Lots of wisdom in that statement. Thanks for the input.

I guess I'll be doing some FF shopping soon.



zephxiii said:


> I wish i had one on when I endoed earlier this year!


----------



## OnThaCouch (Oct 2, 2010)

I hope you healed up quickly and were back out on the trails without too much downtime.

If you don't mind me asking, what were the extent of your injuries? Thanks.



zephxiii said:


> I wish i had one on when I endoed earlier this year!


----------



## zephxiii (Aug 12, 2011)

Chin hit the ground, caused a lot of strain on neck muscles and kept me off of trails for about 2 months since it couldn't take any jarring. I always wondered what it would have been like if i had a full face and the chin of the helmet took the impact instead.


----------



## OnThaCouch (Oct 2, 2010)

Sorry to hear. Glad that it sounds like you're back out there now.
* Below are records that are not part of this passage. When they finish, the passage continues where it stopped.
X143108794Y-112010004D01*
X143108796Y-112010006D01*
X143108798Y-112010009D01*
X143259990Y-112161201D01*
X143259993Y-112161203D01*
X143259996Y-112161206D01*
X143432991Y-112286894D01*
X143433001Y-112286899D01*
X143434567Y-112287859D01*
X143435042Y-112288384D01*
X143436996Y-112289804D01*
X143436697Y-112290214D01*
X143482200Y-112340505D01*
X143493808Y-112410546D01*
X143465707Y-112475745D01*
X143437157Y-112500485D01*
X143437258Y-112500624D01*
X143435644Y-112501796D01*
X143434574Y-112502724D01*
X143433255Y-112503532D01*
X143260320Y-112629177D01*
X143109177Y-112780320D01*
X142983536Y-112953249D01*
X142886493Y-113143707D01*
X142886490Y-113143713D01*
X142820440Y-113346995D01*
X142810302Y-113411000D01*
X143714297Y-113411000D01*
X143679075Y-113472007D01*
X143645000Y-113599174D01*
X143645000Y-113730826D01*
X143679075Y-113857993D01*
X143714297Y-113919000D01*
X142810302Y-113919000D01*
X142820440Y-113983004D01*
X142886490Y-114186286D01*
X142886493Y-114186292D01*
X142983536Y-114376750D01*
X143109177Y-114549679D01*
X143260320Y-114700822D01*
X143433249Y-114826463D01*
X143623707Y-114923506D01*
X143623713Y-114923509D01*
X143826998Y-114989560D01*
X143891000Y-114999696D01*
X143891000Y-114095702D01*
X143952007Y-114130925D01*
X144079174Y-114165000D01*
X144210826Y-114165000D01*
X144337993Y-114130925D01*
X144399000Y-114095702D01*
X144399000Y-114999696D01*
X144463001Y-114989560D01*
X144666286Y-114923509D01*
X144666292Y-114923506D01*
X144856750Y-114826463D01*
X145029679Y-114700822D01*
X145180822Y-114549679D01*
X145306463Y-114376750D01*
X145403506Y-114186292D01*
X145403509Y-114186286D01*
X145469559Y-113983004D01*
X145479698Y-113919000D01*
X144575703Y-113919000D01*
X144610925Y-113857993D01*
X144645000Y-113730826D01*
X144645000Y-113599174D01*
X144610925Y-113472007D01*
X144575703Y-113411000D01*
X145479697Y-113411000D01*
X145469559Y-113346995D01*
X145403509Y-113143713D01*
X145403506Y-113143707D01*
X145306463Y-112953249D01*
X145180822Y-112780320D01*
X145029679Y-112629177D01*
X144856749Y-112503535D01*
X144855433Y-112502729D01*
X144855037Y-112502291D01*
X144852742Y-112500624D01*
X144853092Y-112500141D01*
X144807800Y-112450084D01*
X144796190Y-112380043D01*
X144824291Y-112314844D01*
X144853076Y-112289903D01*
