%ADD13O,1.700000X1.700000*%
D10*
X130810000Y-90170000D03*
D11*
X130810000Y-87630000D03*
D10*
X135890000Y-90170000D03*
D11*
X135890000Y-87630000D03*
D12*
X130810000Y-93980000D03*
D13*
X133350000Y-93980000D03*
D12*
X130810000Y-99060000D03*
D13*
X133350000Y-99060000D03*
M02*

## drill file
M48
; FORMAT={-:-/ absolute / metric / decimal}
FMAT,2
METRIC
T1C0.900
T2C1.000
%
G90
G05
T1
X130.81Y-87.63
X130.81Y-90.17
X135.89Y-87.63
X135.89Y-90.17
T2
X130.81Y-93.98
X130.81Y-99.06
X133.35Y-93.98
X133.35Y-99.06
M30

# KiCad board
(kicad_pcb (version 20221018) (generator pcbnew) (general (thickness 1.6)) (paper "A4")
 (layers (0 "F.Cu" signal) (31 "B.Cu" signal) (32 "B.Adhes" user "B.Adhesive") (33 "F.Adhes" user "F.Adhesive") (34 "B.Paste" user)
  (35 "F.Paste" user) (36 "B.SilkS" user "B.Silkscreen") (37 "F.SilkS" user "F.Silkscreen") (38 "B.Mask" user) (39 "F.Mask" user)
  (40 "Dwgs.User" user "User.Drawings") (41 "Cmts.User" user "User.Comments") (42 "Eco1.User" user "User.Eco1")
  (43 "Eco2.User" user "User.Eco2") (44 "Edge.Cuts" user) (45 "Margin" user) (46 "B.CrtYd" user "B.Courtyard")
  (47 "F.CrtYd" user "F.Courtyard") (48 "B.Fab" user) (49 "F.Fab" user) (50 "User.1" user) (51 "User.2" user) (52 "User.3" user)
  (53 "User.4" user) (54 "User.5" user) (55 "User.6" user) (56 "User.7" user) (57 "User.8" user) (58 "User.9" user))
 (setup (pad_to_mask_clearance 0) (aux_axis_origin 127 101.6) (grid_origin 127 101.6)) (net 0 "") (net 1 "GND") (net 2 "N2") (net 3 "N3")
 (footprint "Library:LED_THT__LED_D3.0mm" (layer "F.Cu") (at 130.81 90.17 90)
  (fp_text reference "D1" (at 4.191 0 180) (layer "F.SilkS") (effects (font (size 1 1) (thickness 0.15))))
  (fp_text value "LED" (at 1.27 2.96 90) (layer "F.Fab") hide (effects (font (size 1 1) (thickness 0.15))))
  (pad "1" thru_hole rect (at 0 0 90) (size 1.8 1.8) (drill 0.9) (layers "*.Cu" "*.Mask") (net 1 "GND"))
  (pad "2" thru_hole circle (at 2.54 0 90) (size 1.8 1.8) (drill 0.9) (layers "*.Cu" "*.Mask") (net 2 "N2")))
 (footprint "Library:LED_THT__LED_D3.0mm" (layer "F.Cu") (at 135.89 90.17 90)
Seems like the full faced helmet is cheap insurance for the trails. The pros outweigh the cons especially for those of us needing to make it back to work on Mondays.



zephxiii said:


> Chin hit the ground, caused a lot of strain on neck muscles and kept me off of trails for about 2 months since it couldn't take any jarring. I always wondered what it would have been like if i had a full face and the chin of the helmet took the impact instead.


----------



## evasive (Feb 18, 2005)

I'll add my experience as a counterweight. Pedaling in a full-face helmet is really unpleasant. It's not too bad once you get into shoulder season temperatures (40s, say), but otherwise it's not much fun. The chin bar makes it more difficult to get a drink from a hydration bladder, and I'd guess drinking from a bottle is even harder. You also can't hear as well.

I've had dental work resulting from a crash. I had a difficult time not imagining smacking my face into rocks for a few weeks after that. It took one pedally ride with a full-face to cure me of that fear. I still wear mine if I'm doing a ride that's pretty an up-and-back ride, but that's a small minority of my rides. If you're dead set on it, I recommend what a friend of mine does - she switches between a half shell and a full-face at the top of any significant descent. Too much bother for me, though.


----------



## clydecrash (Apr 1, 2005)

Sometimes I wear a lid when I do pure XC, but I wear a MET Parachute for most of my riding. It is a XC helmet with added bits. Not much more hot than a regular lid, but, again, it is an XC helmet. I heard MET may not be making them anymore, but you likely can still get them on E-bay (where I got mine). Certainly more than $150 though. 

I picked up an Urge Archi-Enduro this summer and tried for the first time last week. It is cooler now (live in Tucson), but still warm enough to check it out. Wasn't bad at all (70+), but I doubt I would try it on my early morning summer rides (in August at 5:30 AM, 80d and muggy). It does limit hearing a little, which, right now is a concern (rattlesnakes may be out in the day). I will likely wear it more this fall/winter/spring and put it away for the summer. 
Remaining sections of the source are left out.